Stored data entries
######

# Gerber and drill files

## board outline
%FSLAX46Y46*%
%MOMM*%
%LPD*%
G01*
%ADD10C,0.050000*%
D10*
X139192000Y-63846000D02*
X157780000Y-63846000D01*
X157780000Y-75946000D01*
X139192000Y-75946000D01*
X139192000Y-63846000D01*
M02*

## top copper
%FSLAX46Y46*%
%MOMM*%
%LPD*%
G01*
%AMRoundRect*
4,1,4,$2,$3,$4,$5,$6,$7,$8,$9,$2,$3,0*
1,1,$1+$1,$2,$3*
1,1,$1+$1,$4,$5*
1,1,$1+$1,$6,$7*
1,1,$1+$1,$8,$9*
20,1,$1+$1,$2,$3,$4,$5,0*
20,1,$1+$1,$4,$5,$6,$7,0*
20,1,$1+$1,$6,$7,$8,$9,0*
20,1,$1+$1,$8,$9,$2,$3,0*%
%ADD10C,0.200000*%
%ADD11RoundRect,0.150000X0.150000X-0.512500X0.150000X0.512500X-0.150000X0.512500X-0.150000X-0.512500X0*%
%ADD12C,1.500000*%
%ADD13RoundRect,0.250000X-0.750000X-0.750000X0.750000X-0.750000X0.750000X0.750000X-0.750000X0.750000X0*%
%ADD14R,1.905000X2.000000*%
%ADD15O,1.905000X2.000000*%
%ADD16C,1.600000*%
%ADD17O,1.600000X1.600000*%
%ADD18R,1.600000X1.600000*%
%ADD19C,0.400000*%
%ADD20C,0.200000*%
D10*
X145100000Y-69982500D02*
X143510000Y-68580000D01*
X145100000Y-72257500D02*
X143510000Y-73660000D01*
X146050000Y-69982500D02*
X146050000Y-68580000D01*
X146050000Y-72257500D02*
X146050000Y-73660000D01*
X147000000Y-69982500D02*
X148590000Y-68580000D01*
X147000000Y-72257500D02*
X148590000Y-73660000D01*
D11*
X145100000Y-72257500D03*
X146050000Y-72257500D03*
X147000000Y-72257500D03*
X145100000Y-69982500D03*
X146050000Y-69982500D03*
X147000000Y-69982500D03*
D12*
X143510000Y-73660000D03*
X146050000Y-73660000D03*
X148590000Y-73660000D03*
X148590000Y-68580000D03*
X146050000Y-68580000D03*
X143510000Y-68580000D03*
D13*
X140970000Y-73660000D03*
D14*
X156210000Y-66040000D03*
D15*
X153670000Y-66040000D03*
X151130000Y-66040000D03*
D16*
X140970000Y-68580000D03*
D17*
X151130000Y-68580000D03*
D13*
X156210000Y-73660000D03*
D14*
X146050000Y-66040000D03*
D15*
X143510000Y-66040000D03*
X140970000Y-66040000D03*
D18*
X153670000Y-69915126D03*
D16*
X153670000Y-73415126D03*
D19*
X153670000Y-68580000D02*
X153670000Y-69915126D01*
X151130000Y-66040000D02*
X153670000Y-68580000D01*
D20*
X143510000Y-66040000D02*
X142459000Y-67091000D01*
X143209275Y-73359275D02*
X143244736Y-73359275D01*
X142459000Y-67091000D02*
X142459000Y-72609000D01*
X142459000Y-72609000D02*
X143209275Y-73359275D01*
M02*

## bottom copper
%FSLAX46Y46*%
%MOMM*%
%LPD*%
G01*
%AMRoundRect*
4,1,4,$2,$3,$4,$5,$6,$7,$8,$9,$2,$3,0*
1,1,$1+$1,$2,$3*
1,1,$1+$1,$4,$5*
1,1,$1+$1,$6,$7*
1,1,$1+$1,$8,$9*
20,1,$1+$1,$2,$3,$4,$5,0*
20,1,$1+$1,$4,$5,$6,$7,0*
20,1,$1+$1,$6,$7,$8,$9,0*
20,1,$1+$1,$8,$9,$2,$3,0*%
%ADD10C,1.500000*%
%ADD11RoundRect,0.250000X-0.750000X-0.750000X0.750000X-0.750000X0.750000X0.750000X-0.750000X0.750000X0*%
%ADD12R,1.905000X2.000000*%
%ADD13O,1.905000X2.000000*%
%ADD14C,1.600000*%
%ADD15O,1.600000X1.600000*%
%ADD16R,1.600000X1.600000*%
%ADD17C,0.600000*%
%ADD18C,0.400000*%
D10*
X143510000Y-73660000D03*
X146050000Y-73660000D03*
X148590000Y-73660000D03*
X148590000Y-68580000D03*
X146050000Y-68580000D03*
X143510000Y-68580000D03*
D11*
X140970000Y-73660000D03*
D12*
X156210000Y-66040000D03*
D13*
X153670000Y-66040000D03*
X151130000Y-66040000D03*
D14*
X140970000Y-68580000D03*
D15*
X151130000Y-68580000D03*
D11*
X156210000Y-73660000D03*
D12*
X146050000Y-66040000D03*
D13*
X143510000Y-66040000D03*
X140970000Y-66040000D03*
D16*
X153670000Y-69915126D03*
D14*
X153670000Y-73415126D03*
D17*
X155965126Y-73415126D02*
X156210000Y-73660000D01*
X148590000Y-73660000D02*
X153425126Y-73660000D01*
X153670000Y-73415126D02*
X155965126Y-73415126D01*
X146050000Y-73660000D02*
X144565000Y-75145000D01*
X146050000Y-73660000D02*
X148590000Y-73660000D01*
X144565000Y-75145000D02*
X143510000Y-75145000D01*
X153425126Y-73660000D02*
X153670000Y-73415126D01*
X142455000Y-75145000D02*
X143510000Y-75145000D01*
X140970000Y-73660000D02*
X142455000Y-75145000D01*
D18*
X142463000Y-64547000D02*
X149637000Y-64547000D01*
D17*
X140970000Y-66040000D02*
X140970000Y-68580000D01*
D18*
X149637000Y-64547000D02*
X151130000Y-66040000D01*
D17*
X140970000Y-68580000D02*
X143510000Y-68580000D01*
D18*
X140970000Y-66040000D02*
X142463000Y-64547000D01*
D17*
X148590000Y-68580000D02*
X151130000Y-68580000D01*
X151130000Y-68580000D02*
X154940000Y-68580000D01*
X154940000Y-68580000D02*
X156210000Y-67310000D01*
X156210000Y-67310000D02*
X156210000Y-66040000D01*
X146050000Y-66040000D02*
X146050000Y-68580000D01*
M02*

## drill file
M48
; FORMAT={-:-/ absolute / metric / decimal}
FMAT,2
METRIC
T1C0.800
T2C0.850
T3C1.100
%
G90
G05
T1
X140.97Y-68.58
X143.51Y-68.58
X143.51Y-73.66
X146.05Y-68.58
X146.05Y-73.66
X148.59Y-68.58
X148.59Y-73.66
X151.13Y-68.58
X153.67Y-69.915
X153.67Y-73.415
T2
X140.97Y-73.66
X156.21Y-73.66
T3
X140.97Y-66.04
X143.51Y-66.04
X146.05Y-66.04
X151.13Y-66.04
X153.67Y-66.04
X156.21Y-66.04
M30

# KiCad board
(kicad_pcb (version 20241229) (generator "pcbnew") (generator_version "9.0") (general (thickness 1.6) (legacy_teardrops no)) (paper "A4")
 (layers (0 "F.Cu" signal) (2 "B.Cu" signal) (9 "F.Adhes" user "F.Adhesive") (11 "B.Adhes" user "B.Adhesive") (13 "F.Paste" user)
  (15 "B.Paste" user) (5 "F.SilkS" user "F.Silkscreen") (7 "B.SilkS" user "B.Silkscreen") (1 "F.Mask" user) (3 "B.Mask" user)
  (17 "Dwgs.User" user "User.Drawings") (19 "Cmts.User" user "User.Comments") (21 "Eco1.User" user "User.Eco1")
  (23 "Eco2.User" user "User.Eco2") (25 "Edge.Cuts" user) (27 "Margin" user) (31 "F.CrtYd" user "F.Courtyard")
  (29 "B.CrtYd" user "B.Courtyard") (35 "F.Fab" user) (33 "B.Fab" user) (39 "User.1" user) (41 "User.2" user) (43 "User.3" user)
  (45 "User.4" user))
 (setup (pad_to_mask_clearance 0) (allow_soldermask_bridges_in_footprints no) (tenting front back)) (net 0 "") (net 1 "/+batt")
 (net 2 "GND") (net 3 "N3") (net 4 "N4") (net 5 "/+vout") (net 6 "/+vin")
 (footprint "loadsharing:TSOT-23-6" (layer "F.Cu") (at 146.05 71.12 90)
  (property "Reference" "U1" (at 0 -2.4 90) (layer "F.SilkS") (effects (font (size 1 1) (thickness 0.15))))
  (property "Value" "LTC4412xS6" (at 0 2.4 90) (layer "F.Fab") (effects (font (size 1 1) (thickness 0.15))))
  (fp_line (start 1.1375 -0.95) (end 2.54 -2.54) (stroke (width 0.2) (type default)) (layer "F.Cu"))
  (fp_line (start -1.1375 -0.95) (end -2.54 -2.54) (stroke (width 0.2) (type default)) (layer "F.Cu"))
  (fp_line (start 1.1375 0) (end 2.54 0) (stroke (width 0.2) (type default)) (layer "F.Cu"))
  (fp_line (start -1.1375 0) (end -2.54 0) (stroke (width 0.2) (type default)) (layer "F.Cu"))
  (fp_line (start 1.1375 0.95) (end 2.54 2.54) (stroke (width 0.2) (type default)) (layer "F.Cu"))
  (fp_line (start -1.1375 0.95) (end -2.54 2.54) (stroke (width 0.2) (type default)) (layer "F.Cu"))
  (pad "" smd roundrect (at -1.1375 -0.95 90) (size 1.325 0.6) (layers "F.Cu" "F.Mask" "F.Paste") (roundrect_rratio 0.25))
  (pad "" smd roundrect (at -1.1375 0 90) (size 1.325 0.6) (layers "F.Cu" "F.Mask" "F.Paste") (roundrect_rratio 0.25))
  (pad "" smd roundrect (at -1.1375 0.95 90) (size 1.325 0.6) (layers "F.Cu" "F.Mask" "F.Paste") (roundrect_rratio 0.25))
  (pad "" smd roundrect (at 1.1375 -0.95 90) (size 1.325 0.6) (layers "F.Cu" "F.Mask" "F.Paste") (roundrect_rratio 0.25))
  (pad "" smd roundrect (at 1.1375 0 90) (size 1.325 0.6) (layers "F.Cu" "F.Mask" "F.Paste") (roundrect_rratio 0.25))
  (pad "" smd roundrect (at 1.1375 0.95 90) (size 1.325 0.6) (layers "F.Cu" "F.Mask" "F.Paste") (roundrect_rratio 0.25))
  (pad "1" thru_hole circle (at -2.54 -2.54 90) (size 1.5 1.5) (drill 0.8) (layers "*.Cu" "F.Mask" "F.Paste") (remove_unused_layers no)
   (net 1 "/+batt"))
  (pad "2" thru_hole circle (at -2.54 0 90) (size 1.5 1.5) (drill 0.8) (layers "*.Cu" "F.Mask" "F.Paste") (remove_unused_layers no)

######

The task -> Show the lines of the records that contain the word "Courtyard".

Written response ->
  (23 "Eco2.User" user "User.Eco2") (25 "Edge.Cuts" user) (27 "Margin" user) (31 "F.CrtYd" user "F.Courtyard")
  (29 "B.CrtYd" user "B.Courtyard") (35 "F.Fab" user) (33 "B.Fab" user) (39 "User.1" user) (41 "User.2" user) (43 "User.3" user)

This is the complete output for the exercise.